# Grainfather controller



## scooterism (19/8/17)

Will a GF controller handle a 2400W element for a HERMS system?


----------



## Boxcar (19/8/17)

If you use an appropriate external AC-triggered SSR, you can control a load of any wattage your circuit can handle. I plan to use a Connect to control a 5750W heating element.


----------



## scooterism (19/8/17)

Boxcar said:


> If you use an appropriate external AC-triggered SSR, you can control a load of any wattage your circuit can handle. I plan to use a Connect to control a 5750W heating element.




Like what everyone is using on their PID's?

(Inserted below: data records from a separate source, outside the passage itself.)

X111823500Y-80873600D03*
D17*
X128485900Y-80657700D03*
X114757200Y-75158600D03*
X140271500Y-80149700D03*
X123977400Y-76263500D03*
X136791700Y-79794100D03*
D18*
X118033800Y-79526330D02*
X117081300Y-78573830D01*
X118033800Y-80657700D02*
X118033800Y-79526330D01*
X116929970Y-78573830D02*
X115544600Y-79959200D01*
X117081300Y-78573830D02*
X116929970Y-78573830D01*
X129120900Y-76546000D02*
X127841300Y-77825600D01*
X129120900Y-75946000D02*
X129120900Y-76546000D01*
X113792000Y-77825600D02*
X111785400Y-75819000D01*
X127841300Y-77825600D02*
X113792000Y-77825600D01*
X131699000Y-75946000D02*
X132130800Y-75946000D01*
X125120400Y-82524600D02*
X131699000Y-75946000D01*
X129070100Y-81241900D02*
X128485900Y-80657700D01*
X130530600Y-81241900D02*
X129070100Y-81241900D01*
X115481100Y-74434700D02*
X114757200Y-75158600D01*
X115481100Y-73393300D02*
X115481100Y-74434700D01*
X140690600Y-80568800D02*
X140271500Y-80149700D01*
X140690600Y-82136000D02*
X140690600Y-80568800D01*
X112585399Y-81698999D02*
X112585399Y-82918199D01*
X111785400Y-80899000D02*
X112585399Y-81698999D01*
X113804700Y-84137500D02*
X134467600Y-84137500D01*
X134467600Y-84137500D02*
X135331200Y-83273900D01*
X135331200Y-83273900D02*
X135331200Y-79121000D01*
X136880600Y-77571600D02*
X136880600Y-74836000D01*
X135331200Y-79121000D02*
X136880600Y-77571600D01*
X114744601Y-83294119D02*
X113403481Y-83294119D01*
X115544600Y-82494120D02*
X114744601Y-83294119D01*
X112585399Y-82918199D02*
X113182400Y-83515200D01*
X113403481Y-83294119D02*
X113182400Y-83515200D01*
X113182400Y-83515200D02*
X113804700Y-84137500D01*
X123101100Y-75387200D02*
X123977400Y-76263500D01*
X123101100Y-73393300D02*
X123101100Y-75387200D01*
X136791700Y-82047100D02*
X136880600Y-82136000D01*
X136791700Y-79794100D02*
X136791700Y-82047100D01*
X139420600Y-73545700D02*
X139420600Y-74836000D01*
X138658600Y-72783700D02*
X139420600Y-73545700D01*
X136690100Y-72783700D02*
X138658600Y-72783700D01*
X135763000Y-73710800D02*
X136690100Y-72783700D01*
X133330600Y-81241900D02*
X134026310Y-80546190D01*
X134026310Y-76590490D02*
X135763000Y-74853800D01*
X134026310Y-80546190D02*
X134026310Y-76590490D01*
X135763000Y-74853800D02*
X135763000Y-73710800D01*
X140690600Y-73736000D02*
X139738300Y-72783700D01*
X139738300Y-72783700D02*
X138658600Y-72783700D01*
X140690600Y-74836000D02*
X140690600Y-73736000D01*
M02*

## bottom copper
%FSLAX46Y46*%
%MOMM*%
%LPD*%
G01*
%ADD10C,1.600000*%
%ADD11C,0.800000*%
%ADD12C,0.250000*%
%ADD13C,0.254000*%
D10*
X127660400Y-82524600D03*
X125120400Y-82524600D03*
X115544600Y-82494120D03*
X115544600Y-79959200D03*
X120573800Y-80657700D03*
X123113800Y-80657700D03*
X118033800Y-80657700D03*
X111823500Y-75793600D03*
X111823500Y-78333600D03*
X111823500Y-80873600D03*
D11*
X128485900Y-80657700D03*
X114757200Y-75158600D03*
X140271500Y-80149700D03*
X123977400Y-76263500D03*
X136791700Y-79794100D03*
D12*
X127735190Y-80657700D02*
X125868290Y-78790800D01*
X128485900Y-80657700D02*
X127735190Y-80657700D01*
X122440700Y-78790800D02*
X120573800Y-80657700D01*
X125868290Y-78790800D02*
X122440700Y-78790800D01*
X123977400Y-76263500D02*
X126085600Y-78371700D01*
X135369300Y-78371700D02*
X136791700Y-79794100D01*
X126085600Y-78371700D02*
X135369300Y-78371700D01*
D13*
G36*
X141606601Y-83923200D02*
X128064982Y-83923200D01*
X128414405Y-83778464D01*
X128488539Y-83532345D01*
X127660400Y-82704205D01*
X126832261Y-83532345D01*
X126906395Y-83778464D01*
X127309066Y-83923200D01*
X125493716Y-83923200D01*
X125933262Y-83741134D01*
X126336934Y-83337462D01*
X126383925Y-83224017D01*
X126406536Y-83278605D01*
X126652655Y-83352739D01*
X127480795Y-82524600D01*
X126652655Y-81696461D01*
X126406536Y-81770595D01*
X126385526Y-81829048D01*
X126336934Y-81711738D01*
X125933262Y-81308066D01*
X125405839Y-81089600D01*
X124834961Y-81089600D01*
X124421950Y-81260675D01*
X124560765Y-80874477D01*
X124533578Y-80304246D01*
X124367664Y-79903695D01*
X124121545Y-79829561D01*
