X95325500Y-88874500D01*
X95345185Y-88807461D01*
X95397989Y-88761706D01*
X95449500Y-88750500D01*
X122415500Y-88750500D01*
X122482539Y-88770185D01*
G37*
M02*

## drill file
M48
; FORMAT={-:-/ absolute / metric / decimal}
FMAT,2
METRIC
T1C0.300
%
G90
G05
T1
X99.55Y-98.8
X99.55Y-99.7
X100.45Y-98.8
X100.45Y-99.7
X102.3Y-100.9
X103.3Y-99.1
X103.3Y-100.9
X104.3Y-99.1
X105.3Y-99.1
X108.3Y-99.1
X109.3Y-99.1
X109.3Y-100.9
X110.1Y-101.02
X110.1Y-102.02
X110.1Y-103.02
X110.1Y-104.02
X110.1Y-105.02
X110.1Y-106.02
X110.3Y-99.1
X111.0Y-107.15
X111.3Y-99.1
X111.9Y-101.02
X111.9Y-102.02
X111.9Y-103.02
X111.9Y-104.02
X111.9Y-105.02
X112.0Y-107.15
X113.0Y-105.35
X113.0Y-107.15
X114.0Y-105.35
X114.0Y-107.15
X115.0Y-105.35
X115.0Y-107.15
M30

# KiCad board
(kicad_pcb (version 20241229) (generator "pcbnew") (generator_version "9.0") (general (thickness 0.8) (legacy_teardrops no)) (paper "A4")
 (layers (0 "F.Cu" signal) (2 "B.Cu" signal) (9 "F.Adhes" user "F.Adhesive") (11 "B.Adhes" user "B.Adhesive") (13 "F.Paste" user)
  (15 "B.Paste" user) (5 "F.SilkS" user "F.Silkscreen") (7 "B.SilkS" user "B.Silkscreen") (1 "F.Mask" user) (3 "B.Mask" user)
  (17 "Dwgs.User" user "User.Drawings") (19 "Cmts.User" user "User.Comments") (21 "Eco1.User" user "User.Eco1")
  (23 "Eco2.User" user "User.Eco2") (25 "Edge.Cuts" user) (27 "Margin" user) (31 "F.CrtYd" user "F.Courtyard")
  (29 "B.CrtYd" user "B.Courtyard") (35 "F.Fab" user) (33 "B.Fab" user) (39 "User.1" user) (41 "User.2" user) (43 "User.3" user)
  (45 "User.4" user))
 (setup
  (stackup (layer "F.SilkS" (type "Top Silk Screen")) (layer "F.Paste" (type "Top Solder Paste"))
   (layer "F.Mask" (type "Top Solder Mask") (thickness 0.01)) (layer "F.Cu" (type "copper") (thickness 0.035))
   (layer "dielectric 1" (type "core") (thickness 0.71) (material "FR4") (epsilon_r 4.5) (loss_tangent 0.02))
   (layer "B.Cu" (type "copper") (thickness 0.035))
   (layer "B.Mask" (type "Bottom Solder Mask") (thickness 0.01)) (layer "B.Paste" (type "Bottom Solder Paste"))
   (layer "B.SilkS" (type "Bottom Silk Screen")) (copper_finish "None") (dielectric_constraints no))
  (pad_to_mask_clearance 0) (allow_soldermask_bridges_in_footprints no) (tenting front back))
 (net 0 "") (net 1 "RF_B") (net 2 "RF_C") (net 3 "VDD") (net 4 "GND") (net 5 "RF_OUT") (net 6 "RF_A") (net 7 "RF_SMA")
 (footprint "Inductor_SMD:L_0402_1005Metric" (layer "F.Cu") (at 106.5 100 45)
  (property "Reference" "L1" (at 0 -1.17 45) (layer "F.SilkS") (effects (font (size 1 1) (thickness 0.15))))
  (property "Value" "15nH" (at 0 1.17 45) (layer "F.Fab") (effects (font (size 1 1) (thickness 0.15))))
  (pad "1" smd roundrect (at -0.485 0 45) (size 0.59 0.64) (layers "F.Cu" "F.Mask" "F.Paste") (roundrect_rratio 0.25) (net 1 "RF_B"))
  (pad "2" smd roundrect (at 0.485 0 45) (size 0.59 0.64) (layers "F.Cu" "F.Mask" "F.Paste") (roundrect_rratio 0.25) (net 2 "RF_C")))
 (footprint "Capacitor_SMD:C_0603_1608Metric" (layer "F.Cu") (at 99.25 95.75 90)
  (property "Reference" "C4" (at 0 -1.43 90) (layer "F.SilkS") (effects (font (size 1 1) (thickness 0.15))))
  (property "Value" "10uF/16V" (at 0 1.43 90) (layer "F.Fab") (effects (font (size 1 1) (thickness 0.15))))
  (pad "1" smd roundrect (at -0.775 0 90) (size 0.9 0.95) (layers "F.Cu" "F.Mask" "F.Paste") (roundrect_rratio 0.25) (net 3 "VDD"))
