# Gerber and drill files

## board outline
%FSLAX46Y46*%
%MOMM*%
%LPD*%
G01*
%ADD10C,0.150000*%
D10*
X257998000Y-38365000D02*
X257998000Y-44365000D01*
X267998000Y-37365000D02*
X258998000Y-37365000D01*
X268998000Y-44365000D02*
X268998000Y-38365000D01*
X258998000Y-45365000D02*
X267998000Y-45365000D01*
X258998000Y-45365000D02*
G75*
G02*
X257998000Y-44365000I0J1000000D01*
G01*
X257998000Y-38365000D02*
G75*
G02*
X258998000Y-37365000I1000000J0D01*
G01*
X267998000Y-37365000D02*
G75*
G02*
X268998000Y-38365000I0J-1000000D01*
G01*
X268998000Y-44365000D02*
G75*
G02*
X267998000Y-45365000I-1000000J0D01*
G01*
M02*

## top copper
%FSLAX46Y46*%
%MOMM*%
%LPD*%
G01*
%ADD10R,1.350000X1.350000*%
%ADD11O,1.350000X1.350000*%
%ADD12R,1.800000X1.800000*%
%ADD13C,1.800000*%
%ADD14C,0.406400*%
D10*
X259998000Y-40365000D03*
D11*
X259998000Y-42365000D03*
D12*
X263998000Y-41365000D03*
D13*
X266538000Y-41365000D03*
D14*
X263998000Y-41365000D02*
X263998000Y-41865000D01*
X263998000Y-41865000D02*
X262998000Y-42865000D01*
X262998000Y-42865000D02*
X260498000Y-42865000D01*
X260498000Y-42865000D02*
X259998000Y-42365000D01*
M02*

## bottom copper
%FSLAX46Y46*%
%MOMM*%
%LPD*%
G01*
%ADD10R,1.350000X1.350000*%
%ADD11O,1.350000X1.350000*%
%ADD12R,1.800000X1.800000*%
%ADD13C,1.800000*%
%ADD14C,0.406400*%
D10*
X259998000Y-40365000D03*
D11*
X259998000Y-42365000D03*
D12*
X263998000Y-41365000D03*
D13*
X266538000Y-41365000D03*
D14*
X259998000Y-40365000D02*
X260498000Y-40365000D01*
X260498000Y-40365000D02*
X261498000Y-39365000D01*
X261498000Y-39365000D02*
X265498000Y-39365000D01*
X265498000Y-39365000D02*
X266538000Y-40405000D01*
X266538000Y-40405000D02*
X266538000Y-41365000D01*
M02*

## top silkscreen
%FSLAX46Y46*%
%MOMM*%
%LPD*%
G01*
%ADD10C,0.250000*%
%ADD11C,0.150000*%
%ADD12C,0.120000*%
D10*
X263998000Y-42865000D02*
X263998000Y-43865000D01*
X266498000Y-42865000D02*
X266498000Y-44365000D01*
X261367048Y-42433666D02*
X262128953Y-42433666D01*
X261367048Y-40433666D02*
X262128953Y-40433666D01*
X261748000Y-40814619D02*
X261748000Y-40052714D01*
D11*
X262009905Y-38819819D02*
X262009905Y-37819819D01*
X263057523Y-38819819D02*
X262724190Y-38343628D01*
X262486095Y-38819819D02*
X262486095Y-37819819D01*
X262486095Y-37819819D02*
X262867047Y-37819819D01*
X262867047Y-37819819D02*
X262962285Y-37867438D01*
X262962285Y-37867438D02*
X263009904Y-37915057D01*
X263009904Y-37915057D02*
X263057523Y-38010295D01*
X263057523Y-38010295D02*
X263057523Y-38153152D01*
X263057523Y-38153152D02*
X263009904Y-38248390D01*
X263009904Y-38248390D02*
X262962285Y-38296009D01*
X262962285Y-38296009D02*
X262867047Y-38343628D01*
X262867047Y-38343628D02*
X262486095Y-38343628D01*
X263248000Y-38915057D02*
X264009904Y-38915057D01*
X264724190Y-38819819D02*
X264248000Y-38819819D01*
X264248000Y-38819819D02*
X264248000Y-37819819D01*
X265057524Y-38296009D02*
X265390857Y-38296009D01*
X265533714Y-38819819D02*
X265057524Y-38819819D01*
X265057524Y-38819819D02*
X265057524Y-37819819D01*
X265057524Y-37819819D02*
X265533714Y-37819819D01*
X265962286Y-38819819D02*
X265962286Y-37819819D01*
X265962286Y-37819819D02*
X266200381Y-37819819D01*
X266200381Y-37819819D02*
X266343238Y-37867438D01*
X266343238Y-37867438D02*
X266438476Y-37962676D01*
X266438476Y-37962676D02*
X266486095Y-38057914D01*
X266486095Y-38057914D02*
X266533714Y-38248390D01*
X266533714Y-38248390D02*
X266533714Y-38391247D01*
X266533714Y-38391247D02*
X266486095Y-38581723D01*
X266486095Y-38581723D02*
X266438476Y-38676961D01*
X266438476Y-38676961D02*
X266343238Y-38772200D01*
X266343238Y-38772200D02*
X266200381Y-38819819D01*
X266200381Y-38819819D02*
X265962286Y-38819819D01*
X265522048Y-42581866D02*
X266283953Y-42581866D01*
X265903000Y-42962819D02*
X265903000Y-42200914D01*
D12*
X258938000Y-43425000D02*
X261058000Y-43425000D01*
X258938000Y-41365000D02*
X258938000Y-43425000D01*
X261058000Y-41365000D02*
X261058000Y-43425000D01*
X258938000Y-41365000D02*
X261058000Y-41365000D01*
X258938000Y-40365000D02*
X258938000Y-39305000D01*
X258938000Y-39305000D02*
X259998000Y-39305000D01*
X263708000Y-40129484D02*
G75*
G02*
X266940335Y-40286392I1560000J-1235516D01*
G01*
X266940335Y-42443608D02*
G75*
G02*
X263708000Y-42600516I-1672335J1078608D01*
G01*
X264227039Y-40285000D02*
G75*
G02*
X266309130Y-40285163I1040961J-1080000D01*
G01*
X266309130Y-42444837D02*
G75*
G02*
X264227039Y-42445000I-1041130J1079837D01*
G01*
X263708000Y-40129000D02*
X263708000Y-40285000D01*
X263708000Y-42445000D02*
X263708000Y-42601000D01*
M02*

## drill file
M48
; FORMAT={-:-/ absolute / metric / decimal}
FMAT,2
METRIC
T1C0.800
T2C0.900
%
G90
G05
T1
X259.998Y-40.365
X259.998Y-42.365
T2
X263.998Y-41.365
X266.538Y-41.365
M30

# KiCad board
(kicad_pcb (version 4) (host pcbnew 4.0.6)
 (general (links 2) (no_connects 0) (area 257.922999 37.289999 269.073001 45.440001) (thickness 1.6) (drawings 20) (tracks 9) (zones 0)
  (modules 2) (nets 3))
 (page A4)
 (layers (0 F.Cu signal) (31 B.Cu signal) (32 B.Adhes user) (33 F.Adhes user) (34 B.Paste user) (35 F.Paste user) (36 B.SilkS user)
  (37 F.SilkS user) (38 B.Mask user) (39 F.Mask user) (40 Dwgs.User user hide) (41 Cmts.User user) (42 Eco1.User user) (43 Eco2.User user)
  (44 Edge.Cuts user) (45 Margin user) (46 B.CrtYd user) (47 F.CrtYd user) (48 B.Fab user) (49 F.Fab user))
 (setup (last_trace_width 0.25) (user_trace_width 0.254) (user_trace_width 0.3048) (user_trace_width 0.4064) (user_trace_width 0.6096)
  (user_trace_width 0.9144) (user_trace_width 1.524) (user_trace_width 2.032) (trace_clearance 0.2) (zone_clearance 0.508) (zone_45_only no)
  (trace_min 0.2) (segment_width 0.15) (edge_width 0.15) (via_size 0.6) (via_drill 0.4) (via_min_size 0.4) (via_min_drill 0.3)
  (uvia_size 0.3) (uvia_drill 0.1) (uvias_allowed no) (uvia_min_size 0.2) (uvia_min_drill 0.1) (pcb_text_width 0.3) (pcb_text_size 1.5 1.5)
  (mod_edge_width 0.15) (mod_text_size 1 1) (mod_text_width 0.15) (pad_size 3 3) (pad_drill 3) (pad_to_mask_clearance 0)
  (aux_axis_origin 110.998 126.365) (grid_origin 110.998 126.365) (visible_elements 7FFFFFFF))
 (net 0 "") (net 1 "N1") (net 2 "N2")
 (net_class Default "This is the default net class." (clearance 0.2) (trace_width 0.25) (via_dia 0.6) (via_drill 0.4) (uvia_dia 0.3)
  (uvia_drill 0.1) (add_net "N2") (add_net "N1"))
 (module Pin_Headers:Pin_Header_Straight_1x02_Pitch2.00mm (layer F.Cu) (at 259.998 40.365)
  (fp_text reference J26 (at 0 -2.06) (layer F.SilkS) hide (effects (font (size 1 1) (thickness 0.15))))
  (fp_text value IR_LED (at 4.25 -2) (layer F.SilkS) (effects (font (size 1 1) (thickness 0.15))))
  (fp_line (start -1.06 3.06) (end 1.06 3.06) (layer F.SilkS) (width 0.12))
  (fp_line (start -1.06 1) (end -1.06 3.06) (layer F.SilkS) (width 0.12))
  (fp_line (start 1.06 1) (end 1.06 3.06) (layer F.SilkS) (width 0.12))
  (fp_line (start -1.06 1) (end 1.06 1) (layer F.SilkS) (width 0.12))
  (fp_line (start -1.06 0) (end -1.06 -1.06) (layer F.SilkS) (width 0.12))
  (fp_line (start -1.06 -1.06) (end 0 -1.06) (layer F.SilkS) (width 0.12))
  (pad 1 thru_hole rect (at 0 0) (size 1.35 1.35) (drill 0.8) (layers *.Cu *.Mask) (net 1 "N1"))
  (pad 2 thru_hole oval (at 0 2) (size 1.35 1.35) (drill 0.8) (layers *.Cu *.Mask) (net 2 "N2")))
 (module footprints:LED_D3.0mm (layer F.Cu) (at 263.998 41.365)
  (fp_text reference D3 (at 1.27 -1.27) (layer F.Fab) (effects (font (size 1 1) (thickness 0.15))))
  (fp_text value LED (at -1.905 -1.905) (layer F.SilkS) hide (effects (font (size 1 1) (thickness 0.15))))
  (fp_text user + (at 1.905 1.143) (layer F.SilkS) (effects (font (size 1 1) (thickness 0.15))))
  (fp_arc (start 1.27 0) (end -0.29 -1.235516) (angle 108.8) (layer F.SilkS) (width 0.12))
  (fp_arc (start 1.27 0) (end -0.29 1.235516) (angle -108.8) (layer F.SilkS) (width 0.12))
  (fp_arc (start 1.27 0) (end 0.229039 -1.08) (angle 87.9) (layer F.SilkS) (width 0.12))
  (fp_arc (start 1.27 0) (end 0.229039 1.08) (angle -87.9) (layer F.SilkS) (width 0.12))
  (fp_line (start -0.29 -1.236) (end -0.29 -1.08) (layer F.SilkS) (width 0.12))
  (fp_line (start -0.29 1.08) (end -0.29 1.236) (layer F.SilkS) (width 0.12))
  (pad 1 thru_hole rect (at 0 0) (size 1.8 1.8) (drill 0.9) (layers *.Cu *.Mask) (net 2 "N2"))
  (pad 2 thru_hole circle (at 2.54 0) (size 1.8 1.8) (drill 0.9) (layers *.Cu *.Mask) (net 1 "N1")))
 (gr_line (start 257.998 38.365) (end 257.998 44.365) (angle 90) (layer Edge.Cuts) (width 0.15))
 (gr_line (start 267.998 37.365) (end 258.998 37.365) (angle 90) (layer Edge.Cuts) (width 0.15))
 (gr_line (start 268.998 44.365) (end 268.998 38.365) (angle 90) (layer Edge.Cuts) (width 0.15))
 (gr_line (start 258.998 45.365) (end 267.998 45.365) (angle 90) (layer Edge.Cuts) (width 0.15))
 (gr_arc (start 258.998 44.365) (end 258.998 45.365) (angle 90) (layer Edge.Cuts) (width 0.15))
 (gr_arc (start 258.998 38.365) (end 257.998 38.365) (angle 90) (layer Edge.Cuts) (width 0.15))
 (gr_arc (start 267.998 38.365) (end 267.998 37.365) (angle 90) (layer Edge.Cuts) (width 0.15))
 (gr_arc (start 267.998 44.365) (end 268.998 44.365) (angle 90) (layer Edge.Cuts) (width 0.15))
 (gr_line (start 263.998 42.865) (end 263.998 43.865) (angle 90) (layer F.SilkS) (width 0.25))
 (gr_line (start 266.498 42.865) (end 266.498 44.365) (angle 90) (layer F.SilkS) (width 0.25))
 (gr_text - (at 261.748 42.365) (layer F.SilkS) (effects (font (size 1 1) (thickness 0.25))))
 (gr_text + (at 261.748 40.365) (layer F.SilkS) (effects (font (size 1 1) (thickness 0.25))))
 (segment (start 263.998 41.365) (end 263.998 41.865) (width 0.4064) (layer F.Cu) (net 2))
 (segment (start 263.998 41.865) (end 262.998 42.865) (width 0.4064) (layer F.Cu) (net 2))
 (segment (start 262.998 42.865) (end 260.498 42.865) (width 0.4064) (layer F.Cu) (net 2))
 (segment (start 260.498 42.865) (end 259.998 42.365) (width 0.4064) (layer F.Cu) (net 2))
 (segment (start 259.998 40.365) (end 260.498 40.365) (width 0.4064) (layer B.Cu) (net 1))
 (segment (start 260.498 40.365) (end 261.498 39.365) (width 0.4064) (layer B.Cu) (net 1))
 (segment (start 261.498 39.365) (end 265.498 39.365) (width 0.4064) (layer B.Cu) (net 1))
 (segment (start 265.498 39.365) (end 266.538 40.405) (width 0.4064) (layer B.Cu) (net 1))
 (segment (start 266.538 40.405) (end 266.538 41.365) (width 0.4064) (layer B.Cu) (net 1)))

And where would one buy one from?


----------



## Hermies (19/8/17)

Ink bird PID or Auber PID . I run a Sestos made in Japan purchased off ebay from China go figure and have been runnung it for around six or so years . Mine is just a ramp type controller others have ramp , soak so that you can program step mashing .


----------



## Boxcar (19/8/17)

scooterism said:


> Like what everyone is using on their PID's?
> And where would one buy one from?



Yes, except most people are using DC to AC SSRs triggered by a low voltage (3-24vdc for example). There are two ways to do this, about the same difficulty. In any case, you should be able to buy the parts from eBay.

1. Grainfather Connect -> IEC C14 connector/cable -> AC-AC SSR -> Heater

2. Grainfather Connect -> IEC C14 to mains receptacle adapter cable -> 12v ACDC power adapter (run of the mill "wallwart") -> DC-AC SSR -> heater



Hermies said:


> Ink bird PID or Auber PID



A stand-alone PID isn't an equivalent solution as it provides no automation features, including step mashing, mash-in/mash-out scheduling, mash-boil transition, addition alarms, bluetooth connectivity, recipe management, etc.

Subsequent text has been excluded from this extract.